The word "front" occurs in some lines of the listing. Copy those lines.

::::::

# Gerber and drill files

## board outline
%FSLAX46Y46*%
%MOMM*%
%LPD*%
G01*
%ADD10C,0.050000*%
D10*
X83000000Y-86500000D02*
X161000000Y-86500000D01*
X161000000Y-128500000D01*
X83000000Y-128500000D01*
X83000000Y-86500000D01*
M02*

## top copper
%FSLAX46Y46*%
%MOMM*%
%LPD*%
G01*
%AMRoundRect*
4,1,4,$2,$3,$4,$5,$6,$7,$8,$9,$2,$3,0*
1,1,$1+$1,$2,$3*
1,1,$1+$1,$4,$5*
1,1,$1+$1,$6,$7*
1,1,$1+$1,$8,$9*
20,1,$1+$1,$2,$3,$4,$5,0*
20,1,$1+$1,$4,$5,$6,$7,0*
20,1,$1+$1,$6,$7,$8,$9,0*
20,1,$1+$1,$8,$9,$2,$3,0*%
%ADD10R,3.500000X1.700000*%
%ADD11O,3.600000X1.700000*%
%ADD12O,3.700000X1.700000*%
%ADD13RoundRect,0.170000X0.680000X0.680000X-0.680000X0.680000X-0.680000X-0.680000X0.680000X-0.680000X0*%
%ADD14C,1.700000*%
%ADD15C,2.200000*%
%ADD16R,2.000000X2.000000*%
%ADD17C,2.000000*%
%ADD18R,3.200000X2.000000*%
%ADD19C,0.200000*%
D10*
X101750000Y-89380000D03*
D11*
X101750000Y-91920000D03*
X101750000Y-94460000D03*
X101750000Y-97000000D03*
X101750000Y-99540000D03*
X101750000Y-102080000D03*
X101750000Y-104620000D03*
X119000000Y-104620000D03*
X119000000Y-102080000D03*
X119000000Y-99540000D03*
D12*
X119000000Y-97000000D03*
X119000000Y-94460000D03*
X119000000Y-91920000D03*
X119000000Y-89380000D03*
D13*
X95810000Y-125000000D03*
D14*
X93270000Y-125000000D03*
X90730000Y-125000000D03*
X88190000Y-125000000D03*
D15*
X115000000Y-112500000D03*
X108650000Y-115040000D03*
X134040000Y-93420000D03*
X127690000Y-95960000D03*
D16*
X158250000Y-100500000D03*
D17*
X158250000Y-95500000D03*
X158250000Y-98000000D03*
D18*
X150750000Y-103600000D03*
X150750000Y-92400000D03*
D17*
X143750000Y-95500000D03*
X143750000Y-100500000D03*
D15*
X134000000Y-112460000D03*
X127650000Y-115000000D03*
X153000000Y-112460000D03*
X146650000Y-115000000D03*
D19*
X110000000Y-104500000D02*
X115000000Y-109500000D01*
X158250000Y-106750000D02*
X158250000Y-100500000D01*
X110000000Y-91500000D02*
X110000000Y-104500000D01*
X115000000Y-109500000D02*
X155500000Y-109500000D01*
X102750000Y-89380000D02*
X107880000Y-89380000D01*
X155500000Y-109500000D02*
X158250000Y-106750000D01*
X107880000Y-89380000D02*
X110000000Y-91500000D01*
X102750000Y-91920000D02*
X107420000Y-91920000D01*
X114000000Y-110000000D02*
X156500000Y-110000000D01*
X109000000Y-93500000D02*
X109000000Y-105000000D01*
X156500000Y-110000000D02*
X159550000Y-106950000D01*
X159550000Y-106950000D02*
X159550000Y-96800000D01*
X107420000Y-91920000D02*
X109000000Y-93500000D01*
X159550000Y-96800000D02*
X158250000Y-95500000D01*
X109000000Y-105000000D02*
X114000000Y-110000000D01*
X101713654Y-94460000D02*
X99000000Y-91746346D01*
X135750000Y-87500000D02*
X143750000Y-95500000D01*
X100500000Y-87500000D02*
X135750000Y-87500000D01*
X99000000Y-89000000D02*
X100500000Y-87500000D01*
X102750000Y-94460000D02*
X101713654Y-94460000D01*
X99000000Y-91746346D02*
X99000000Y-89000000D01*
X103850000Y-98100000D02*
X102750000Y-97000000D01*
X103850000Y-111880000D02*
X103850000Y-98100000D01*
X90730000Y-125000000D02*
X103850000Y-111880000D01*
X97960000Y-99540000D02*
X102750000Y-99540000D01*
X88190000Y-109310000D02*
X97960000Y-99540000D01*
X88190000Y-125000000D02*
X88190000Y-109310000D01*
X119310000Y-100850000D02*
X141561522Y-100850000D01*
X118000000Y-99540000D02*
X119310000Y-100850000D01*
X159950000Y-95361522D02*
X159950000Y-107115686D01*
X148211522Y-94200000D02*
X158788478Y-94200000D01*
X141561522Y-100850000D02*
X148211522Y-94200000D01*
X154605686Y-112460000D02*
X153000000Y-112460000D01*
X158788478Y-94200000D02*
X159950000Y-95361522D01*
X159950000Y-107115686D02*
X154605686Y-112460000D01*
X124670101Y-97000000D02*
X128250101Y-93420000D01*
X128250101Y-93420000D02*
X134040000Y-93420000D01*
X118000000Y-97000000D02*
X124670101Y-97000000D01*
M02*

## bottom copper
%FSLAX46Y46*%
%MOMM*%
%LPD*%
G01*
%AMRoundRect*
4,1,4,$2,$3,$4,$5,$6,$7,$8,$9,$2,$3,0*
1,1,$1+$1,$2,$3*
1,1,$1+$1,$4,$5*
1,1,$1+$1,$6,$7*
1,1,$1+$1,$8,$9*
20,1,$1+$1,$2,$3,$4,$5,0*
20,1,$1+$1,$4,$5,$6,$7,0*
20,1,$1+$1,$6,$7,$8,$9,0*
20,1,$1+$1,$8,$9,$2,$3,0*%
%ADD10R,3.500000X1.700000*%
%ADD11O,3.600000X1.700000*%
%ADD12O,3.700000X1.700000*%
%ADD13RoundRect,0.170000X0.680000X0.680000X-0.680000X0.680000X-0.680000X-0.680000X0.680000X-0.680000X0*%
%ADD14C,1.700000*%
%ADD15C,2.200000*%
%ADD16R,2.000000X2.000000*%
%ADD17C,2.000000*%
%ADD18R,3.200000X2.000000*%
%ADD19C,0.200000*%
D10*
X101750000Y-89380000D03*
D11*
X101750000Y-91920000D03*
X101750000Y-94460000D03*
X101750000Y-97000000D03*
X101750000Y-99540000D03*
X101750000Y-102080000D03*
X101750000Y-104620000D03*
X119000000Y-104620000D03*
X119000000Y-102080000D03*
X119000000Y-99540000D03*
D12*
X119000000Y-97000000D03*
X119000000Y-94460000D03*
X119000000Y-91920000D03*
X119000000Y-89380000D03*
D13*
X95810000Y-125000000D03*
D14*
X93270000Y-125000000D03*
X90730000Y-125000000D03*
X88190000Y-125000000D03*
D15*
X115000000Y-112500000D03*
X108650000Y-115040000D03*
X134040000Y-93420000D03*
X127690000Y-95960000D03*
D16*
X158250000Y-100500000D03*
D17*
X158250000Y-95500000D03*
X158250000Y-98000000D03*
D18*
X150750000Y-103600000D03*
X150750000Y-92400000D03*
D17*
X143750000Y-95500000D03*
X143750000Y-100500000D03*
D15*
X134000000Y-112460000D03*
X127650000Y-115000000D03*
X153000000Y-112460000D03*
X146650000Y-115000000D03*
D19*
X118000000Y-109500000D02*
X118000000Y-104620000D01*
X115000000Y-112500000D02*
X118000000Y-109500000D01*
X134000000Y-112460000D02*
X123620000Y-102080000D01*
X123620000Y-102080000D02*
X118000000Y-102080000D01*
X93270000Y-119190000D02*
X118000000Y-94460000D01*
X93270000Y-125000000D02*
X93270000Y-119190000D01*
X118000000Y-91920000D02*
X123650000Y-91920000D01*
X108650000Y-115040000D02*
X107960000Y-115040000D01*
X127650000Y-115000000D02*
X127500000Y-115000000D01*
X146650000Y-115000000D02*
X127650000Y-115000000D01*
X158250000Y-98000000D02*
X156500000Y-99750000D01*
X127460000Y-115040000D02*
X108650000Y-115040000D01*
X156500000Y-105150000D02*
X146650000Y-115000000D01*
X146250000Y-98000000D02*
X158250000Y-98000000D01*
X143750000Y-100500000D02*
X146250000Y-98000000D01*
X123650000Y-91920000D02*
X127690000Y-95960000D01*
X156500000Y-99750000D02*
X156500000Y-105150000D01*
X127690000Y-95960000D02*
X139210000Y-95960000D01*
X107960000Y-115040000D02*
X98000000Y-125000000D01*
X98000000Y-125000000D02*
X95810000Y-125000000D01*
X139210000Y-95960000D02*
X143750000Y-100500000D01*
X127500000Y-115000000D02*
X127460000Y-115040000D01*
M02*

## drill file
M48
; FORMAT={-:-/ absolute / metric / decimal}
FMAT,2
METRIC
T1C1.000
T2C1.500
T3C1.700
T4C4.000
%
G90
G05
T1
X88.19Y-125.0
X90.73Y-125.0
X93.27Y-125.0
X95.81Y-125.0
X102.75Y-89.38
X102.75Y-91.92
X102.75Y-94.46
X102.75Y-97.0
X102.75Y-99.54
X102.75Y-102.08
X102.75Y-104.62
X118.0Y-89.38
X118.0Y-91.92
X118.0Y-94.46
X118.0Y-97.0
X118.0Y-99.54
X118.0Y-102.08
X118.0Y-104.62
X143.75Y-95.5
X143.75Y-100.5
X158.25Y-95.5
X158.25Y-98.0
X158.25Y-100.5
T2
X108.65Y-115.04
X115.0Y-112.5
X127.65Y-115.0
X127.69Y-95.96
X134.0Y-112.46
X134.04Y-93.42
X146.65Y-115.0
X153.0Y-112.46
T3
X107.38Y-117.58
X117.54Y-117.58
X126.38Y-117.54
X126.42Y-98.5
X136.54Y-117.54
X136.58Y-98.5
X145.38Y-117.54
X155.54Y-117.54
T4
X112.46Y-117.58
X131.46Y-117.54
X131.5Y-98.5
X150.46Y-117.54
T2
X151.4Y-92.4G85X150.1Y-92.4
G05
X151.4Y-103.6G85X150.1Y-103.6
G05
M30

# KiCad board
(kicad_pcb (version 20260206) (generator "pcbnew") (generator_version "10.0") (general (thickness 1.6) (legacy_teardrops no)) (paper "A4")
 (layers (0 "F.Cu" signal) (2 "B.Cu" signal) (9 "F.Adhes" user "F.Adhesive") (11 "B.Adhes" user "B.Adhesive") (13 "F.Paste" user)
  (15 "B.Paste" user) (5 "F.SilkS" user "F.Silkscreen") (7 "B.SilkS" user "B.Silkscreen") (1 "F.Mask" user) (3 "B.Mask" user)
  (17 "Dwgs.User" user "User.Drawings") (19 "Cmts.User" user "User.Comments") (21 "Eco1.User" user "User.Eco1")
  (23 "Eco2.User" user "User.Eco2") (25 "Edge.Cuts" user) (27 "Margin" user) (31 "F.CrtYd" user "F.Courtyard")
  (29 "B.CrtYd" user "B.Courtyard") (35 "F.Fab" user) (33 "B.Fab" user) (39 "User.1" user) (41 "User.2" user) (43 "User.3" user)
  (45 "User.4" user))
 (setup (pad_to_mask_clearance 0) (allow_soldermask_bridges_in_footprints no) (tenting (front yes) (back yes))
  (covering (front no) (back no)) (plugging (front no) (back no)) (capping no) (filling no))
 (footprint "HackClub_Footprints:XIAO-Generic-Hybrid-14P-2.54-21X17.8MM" (layer "F.Cu") (at 110.375 97)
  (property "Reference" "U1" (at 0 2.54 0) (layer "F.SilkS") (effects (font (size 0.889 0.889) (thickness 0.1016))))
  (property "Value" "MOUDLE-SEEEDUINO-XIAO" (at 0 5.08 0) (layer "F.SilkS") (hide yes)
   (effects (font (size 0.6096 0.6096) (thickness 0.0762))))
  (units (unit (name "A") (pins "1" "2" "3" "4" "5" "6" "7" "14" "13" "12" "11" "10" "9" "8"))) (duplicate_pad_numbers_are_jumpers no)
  (pad "1" thru_hole rect (at -7.625 -7.62) (size 3.5 1.7) (drill 1 (offset -1 0)) (layers "*.Cu" "*.Mask") (remove_unused_layers no)
   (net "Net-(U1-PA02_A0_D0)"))
  (pad "2" thru_hole oval (at -7.625 -5.08) (size 3.6 1.7) (drill 1 (offset -1 0)) (layers "*.Cu" "*.Mask") (remove_unused_layers no)
   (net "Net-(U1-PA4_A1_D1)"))
  (pad "3" thru_hole oval (at -7.625 -2.54) (size 3.6 1.7) (drill 1 (offset -1 0)) (layers "*.Cu" "*.Mask") (remove_unused_layers no)
   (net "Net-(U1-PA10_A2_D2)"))
  (pad "4" thru_hole oval (at -7.625 0) (size 3.6 1.7) (drill 1 (offset -1 0)) (layers "*.Cu" "*.Mask") (remove_unused_layers no)
   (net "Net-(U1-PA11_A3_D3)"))
  (pad "5" thru_hole oval (at -7.625 2.54) (size 3.6 1.7) (drill 1 (offset -1 0)) (layers "*.Cu" "*.Mask") (remove_unused_layers no)
   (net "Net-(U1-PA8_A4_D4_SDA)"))
  (pad "6" thru_hole oval (at -7.625 5.08 180) (size 3.6 1.7) (drill 1 (offset 1 0)) (layers "*.Cu" "*.Mask") (remove_unused_layers no)
   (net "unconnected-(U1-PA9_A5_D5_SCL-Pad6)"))
  (pad "7" thru_hole oval (at -7.625 7.62) (size 3.6 1.7) (drill 1 (offset -1 0)) (layers "*.Cu" "*.Mask") (remove_unused_layers no)
   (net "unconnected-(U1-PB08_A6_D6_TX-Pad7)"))
  (pad "8" thru_hole oval (at 7.625 7.62) (size 3.6 1.7) (drill 1 (offset 1 0)) (layers "*.Cu" "*.Mask") (remove_unused_layers no)
   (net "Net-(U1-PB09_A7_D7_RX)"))
  (pad "9" thru_hole oval (at 7.625 5.08) (size 3.6 1.7) (drill 1 (offset 1 0)) (layers "*.Cu" "*.Mask") (remove_unused_layers no)
   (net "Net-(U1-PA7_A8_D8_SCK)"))
  (pad "10" thru_hole oval (at 7.625 2.54) (size 3.6 1.7) (drill 1 (offset 1 0)) (layers "*.Cu" "*.Mask") (remove_unused_layers no)
   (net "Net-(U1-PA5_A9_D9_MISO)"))
  (pad "11" thru_hole oval (at 7.625 0) (size 3.7 1.7) (drill 1 (offset 1 0)) (layers "*.Cu" "*.Mask") (remove_unused_layers no)
   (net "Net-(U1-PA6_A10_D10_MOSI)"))
  (pad "12" thru_hole oval (at 7.625 -2.54) (size 3.7 1.7) (drill 1 (offset 1 0)) (layers "*.Cu" "*.Mask") (remove_unused_layers no)
   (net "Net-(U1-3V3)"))
  (pad "13" thru_hole oval (at 7.625 -5.08) (size 3.7 1.7) (drill 1 (offset 1 0)) (layers "*.Cu" "*.Mask") (remove_unused_layers no)
   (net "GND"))
  (pad "14" thru_hole oval (at 7.625 -7.62) (size 3.7 1.7) (drill 1 (offset 1 0)) (layers "*.Cu" "*.Mask") (remove_unused_layers no)
   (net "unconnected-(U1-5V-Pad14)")))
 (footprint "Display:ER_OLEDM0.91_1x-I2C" (layer "F.Cu") (at 95.81 125 180)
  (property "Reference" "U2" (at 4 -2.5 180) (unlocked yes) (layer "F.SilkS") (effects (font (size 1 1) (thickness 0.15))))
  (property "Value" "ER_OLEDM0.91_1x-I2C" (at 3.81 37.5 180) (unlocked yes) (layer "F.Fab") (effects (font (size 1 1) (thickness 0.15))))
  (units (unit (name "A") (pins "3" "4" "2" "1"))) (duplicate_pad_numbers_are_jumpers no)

::::::

● Answer for this exercise:
 (setup (pad_to_mask_clearance 0) (allow_soldermask_bridges_in_footprints no) (tenting (front yes) (back yes))
  (covering (front no) (back no)) (plugging (front no) (back no)) (capping no) (filling no))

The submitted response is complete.